• Problem details: Using the data below, output the first line and every line after it up to and including the line containing "(setup (last_trace_width 0.25)", exactly as written and with nothing added.

....

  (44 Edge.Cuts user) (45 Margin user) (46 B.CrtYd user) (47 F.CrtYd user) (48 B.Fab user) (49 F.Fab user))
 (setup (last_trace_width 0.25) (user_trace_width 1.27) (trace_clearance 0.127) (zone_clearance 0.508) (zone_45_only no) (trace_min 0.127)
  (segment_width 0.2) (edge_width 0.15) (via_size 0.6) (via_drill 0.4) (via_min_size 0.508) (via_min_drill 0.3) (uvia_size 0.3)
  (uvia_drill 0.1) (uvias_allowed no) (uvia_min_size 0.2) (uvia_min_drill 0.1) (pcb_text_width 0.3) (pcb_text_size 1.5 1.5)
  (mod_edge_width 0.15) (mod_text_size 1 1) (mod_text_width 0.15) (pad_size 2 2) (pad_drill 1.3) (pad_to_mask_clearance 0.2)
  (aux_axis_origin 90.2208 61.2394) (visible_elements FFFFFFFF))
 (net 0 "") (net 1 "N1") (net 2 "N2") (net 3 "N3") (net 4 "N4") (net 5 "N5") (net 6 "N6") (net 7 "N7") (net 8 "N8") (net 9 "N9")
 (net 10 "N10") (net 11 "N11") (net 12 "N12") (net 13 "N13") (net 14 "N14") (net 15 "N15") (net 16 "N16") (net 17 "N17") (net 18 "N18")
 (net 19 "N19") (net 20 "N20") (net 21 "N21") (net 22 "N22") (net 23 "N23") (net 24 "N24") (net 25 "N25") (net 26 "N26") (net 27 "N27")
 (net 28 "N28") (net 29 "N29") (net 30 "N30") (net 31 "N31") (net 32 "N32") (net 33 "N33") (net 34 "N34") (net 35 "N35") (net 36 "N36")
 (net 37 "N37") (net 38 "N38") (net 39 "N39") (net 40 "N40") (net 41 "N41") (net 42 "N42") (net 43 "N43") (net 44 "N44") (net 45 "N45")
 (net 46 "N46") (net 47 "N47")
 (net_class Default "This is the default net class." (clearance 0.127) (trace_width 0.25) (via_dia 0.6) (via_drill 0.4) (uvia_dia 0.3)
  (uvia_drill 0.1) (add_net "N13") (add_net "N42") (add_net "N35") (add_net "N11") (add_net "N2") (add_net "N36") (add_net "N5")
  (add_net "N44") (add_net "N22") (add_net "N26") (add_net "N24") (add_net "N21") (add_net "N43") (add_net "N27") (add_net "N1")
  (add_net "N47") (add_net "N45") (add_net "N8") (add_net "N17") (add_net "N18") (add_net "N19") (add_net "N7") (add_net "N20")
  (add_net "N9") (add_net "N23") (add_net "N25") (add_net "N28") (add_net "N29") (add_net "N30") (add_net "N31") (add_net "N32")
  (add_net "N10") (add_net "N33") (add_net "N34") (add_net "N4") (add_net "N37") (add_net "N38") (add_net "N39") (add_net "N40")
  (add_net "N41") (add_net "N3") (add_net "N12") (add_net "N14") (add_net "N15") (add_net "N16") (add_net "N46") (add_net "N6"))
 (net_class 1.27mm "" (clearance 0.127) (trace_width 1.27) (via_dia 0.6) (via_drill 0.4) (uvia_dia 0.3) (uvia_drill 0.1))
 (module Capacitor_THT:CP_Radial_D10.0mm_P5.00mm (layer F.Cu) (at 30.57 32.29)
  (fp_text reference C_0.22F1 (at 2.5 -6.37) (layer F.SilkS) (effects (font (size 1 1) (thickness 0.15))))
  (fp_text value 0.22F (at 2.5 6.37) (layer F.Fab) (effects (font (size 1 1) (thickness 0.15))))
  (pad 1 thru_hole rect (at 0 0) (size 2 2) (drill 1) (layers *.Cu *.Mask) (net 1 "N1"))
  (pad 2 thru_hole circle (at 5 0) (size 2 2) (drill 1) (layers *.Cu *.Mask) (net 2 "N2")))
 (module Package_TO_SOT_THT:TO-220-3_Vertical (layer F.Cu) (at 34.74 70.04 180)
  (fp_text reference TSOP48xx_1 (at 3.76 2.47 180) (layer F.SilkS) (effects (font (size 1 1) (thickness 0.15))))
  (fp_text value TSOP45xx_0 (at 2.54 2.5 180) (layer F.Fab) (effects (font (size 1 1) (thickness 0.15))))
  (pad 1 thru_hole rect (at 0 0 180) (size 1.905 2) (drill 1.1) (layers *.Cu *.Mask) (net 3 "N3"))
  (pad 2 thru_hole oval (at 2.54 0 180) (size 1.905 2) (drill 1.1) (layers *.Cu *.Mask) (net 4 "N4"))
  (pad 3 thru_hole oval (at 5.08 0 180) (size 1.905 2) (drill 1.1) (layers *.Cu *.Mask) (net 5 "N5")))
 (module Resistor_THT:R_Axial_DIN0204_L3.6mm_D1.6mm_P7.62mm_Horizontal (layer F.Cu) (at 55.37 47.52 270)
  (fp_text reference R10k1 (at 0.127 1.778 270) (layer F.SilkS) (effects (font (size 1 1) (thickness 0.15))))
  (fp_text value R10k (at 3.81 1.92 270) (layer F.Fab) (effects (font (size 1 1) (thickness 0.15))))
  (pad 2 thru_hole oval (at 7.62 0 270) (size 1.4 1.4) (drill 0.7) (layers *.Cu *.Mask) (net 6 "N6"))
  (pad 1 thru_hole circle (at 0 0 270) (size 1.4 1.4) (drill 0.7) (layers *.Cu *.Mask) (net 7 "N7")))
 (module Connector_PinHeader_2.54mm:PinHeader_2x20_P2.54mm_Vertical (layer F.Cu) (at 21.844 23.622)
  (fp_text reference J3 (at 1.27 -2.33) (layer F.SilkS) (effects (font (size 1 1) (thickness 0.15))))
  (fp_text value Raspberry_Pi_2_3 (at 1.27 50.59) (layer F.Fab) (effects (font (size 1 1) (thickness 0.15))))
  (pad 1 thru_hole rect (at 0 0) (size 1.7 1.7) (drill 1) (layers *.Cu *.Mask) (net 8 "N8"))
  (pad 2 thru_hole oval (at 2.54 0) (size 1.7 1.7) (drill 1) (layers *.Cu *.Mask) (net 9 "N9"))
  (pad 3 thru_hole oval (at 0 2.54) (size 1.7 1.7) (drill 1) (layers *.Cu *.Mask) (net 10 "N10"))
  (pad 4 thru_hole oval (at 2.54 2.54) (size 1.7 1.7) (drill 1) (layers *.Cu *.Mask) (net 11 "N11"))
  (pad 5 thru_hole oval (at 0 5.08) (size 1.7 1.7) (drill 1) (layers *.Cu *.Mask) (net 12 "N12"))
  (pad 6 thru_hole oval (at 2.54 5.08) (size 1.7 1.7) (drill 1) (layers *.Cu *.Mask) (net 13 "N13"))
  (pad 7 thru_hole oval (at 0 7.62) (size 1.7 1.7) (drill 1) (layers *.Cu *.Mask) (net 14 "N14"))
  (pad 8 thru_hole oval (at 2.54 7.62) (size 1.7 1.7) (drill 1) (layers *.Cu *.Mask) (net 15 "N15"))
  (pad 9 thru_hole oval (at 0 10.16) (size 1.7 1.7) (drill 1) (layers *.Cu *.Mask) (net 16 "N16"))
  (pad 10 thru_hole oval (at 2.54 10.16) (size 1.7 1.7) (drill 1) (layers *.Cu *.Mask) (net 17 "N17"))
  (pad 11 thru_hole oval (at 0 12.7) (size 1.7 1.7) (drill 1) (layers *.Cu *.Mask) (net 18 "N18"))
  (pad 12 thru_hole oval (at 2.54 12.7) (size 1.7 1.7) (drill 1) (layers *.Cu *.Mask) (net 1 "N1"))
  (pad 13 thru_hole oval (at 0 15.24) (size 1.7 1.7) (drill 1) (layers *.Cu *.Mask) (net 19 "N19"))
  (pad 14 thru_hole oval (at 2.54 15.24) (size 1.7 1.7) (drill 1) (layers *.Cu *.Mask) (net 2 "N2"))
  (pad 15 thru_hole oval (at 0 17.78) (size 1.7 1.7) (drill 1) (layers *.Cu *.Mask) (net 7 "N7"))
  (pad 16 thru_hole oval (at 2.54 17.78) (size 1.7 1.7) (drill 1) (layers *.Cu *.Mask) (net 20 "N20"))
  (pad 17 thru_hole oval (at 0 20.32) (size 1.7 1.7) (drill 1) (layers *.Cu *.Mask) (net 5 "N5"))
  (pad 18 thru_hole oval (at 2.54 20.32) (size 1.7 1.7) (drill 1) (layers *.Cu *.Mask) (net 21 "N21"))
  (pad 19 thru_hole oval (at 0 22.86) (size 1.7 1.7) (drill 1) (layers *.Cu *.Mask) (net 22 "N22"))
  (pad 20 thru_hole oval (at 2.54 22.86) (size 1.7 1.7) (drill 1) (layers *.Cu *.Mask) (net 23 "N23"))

....

• Answer area:
  (44 Edge.Cuts user) (45 Margin user) (46 B.CrtYd user) (47 F.CrtYd user) (48 B.Fab user) (49 F.Fab user))
 (setup (last_trace_width 0.25) (user_trace_width 1.27) (trace_clearance 0.127) (zone_clearance 0.508) (zone_45_only no) (trace_min 0.127)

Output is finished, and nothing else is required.